For millennia, people have hitched beasts to plows to exploit the animals’ strength and energy. In a modern variant of that practice, scientists have chemically harnessed bacteria to a micromotor so that they can make the device’s rotor slowly turn.
The new work might lead to improved lab-on-a-chip devices and engines to propel microrobots, says Yuichi Hiratsuka, now of the University of Tokyo, who codeveloped the bacteria-powered micromotor. He and his colleagues describe the research in an upcoming Proceedings of the National Academy of Sciences.
The novel micromachine “is an important step in integrating biological components into microengineered systems,” comments bioengineer William O. Hancock of Pennsylvania State University in University Park.
To make the motors, Hiratsuka’s team, led by Taro Q.P. Uyeda of the National Institute for Advanced Industrial Science and Technology in Tsukuba, Japan, borrowed fabrication techniques from the microelectronics industry.
The machinery of each motor consists of two parts: a ring-shaped groove etched into a silicon surface, and a star-shaped, six-armed rotor fabricated from silicon dioxide that’s placed on top of the circular groove. Tabs beneath the rotor arms fit loosely into the groove.
To prepare the bacterial-propulsion units, the team used a strain of the fast-crawling bacterium Mycoplasma mobile that was genetically engineered to crawl only on a carpet of certain proteins, including one called fetuin. The researchers laid down fetuin within the circular groove and coated the rotor with a protein called streptavidin.
The scientists then coated the micrometer-long, pear-shaped bacteria with a solution containing biotin, a vitamin that readily binds to streptavidin.

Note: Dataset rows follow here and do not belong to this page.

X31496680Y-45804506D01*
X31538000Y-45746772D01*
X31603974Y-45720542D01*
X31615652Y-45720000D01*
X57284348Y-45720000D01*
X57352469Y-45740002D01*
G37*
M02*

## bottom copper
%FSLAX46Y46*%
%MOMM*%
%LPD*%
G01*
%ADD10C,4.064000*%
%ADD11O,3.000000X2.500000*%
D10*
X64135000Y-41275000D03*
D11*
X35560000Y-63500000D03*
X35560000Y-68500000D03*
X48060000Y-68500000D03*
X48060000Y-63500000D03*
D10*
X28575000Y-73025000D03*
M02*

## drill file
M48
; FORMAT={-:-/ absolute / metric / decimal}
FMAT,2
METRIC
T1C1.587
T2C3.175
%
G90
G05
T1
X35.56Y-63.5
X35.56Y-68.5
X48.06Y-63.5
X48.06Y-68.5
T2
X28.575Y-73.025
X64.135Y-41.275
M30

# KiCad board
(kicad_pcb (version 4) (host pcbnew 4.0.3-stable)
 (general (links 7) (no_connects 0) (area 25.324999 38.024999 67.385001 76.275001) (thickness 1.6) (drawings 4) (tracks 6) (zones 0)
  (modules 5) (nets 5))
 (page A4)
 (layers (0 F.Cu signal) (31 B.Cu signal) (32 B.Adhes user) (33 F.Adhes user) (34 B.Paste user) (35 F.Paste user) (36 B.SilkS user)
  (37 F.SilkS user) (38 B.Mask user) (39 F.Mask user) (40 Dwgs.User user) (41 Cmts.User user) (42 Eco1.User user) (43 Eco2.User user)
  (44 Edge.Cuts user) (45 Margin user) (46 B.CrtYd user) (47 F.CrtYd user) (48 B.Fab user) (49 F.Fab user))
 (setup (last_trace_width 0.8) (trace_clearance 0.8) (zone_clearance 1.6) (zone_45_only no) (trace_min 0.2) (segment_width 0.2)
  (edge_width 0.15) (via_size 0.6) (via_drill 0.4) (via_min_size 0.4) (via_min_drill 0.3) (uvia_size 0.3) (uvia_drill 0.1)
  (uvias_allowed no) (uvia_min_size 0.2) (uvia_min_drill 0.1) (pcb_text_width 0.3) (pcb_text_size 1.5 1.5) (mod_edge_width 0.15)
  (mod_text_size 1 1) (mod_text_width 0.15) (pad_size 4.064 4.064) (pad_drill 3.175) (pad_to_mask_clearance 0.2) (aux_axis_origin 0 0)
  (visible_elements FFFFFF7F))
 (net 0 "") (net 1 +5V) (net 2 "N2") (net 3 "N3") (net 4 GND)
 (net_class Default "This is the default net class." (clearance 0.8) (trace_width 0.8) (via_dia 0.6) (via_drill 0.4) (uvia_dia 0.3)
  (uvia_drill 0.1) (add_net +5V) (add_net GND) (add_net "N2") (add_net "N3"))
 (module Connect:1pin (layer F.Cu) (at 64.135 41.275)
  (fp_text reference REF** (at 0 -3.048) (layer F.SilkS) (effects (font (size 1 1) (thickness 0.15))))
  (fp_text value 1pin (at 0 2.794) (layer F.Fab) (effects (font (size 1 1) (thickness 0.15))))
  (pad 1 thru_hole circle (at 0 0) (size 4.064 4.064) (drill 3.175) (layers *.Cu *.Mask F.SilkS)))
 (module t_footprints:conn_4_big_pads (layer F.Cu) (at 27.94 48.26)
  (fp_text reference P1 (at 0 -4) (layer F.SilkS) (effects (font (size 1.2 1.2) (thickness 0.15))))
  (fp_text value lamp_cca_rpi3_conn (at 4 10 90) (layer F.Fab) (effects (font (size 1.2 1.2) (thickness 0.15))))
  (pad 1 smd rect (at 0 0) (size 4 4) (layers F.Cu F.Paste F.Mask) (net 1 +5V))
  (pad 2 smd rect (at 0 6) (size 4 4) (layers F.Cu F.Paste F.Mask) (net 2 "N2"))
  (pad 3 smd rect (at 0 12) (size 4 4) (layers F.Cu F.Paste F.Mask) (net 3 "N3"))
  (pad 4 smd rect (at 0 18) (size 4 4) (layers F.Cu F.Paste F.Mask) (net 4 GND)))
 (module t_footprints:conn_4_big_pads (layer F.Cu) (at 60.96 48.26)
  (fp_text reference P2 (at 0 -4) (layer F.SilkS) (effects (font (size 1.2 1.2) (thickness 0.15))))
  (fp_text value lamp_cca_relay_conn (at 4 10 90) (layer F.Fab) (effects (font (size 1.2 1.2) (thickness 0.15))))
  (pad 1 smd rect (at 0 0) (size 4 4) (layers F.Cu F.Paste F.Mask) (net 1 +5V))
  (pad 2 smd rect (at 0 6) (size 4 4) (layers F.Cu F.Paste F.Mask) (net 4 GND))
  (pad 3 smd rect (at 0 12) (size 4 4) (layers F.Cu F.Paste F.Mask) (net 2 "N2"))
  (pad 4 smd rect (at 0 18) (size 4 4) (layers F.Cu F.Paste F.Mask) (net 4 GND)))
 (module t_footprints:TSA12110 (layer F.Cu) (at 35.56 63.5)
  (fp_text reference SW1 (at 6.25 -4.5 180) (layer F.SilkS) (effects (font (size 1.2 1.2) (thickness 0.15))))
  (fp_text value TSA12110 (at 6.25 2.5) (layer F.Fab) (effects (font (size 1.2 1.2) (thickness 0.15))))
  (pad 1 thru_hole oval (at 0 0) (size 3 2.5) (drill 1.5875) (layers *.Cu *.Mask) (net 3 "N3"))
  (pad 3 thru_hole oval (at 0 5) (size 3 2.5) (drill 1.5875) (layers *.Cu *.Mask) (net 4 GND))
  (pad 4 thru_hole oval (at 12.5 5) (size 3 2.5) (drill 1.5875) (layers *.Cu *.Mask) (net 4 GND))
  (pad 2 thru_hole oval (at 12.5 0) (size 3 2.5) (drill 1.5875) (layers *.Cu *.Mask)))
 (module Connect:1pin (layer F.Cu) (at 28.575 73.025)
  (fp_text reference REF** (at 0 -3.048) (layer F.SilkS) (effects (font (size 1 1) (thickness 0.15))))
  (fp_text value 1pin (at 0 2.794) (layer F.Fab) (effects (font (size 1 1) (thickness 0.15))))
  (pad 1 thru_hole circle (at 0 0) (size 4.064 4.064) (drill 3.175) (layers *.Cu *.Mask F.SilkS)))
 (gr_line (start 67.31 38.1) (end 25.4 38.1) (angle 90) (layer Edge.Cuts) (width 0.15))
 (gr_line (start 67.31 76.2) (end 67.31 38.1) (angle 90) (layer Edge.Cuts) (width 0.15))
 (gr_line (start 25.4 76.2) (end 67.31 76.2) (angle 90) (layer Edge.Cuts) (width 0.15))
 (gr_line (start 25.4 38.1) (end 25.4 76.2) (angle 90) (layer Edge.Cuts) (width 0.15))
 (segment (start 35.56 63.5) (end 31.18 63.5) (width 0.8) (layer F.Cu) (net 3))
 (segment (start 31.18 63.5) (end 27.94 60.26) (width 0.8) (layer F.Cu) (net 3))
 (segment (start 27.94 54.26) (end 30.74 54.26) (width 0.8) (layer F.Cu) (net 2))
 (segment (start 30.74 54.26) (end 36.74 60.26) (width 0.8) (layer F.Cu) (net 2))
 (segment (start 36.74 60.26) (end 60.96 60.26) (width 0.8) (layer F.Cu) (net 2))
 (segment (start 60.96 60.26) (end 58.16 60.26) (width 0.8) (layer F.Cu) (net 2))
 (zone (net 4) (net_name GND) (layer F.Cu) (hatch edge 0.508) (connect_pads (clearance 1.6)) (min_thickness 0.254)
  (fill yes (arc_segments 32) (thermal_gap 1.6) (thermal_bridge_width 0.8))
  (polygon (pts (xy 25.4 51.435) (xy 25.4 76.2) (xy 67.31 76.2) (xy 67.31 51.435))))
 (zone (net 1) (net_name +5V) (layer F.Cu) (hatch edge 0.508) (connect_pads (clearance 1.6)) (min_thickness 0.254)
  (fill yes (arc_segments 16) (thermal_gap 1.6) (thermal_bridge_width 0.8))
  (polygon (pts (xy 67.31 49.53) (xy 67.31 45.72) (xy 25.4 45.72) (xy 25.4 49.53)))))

The team released the treated bacteria into the grooves in a way that sent them mostly in one direction around the circle. As the microbes passed each of a rotor’s supporting ridges, their biotin-treated cell membranes clung to the streptavidin coating, causing tugs on the tabs and thereby turning the rotor.
Slow and weak, the rotors circle at about twice the speed of the second hand on a watch and generate only a ten-thousandth as much torque as typical electrically powered micromachines do. By using more bacteria, the scientists could boost the torque 100-fold, Hiratsuka predicts.

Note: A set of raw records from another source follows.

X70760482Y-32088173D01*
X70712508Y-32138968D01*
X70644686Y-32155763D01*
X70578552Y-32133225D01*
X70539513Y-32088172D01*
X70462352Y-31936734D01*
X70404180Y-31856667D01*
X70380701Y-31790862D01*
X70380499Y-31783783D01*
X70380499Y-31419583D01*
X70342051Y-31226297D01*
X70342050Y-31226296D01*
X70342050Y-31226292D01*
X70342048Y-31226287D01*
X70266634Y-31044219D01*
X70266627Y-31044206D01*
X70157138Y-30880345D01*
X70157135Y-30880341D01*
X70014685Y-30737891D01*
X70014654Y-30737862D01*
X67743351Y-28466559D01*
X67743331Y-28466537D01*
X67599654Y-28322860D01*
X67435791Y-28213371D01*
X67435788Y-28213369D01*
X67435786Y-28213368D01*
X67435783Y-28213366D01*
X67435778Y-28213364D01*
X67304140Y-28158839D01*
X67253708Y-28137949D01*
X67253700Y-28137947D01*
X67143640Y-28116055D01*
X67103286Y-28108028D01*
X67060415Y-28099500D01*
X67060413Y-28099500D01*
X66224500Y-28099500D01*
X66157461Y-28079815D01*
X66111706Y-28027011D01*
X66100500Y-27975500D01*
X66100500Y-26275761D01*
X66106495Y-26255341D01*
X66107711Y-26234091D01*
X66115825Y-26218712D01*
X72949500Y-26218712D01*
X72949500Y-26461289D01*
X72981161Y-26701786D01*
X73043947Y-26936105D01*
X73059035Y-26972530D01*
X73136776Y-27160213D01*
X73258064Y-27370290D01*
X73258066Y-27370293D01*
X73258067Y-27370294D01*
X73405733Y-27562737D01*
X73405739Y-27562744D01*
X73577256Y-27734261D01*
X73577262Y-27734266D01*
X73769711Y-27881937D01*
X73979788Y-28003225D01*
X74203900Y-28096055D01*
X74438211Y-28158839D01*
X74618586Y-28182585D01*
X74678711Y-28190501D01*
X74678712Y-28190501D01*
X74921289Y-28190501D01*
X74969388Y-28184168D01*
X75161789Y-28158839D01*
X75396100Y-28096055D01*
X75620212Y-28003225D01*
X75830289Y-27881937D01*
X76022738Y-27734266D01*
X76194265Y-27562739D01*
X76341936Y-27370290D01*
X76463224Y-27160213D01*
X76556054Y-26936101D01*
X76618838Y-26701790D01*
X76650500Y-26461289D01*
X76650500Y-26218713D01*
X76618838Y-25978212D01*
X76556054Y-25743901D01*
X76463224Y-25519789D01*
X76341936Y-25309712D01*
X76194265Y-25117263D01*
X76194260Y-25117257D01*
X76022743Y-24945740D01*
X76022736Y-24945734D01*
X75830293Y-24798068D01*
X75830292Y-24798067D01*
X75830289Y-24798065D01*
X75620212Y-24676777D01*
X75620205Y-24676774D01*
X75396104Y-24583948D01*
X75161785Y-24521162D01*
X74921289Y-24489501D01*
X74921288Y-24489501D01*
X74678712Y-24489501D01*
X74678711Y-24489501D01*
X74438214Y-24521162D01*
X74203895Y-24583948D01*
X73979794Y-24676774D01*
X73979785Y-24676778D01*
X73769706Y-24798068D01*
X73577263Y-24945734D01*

In earlier work, many specialists in biologically inspired micromotors—including Uyeda’s group—used components of cells, such as filaments called microtubules (SN: 10/27/01, p. 268: Available to subscribers at Natural micromachines get the points), to devise microscale systems that transport objects.
Other teams have also used complete, living microbial cells to drag tiny loads (SN: 8/20/05, p. 117: Bitty Beasts of Burden: Algae can carry cargo) or to move fluids.
By using whole microbes as machine components, the Japanese team “adds a new direction to our field,” comments biomolecular-motor specialist Henry Hess of the University of Florida in Gainesville.
“The micromotor system points the way to self-sustaining and self-repairing machines, since the active units … can multiply and replace each other,” he adds. “Living machines rock!”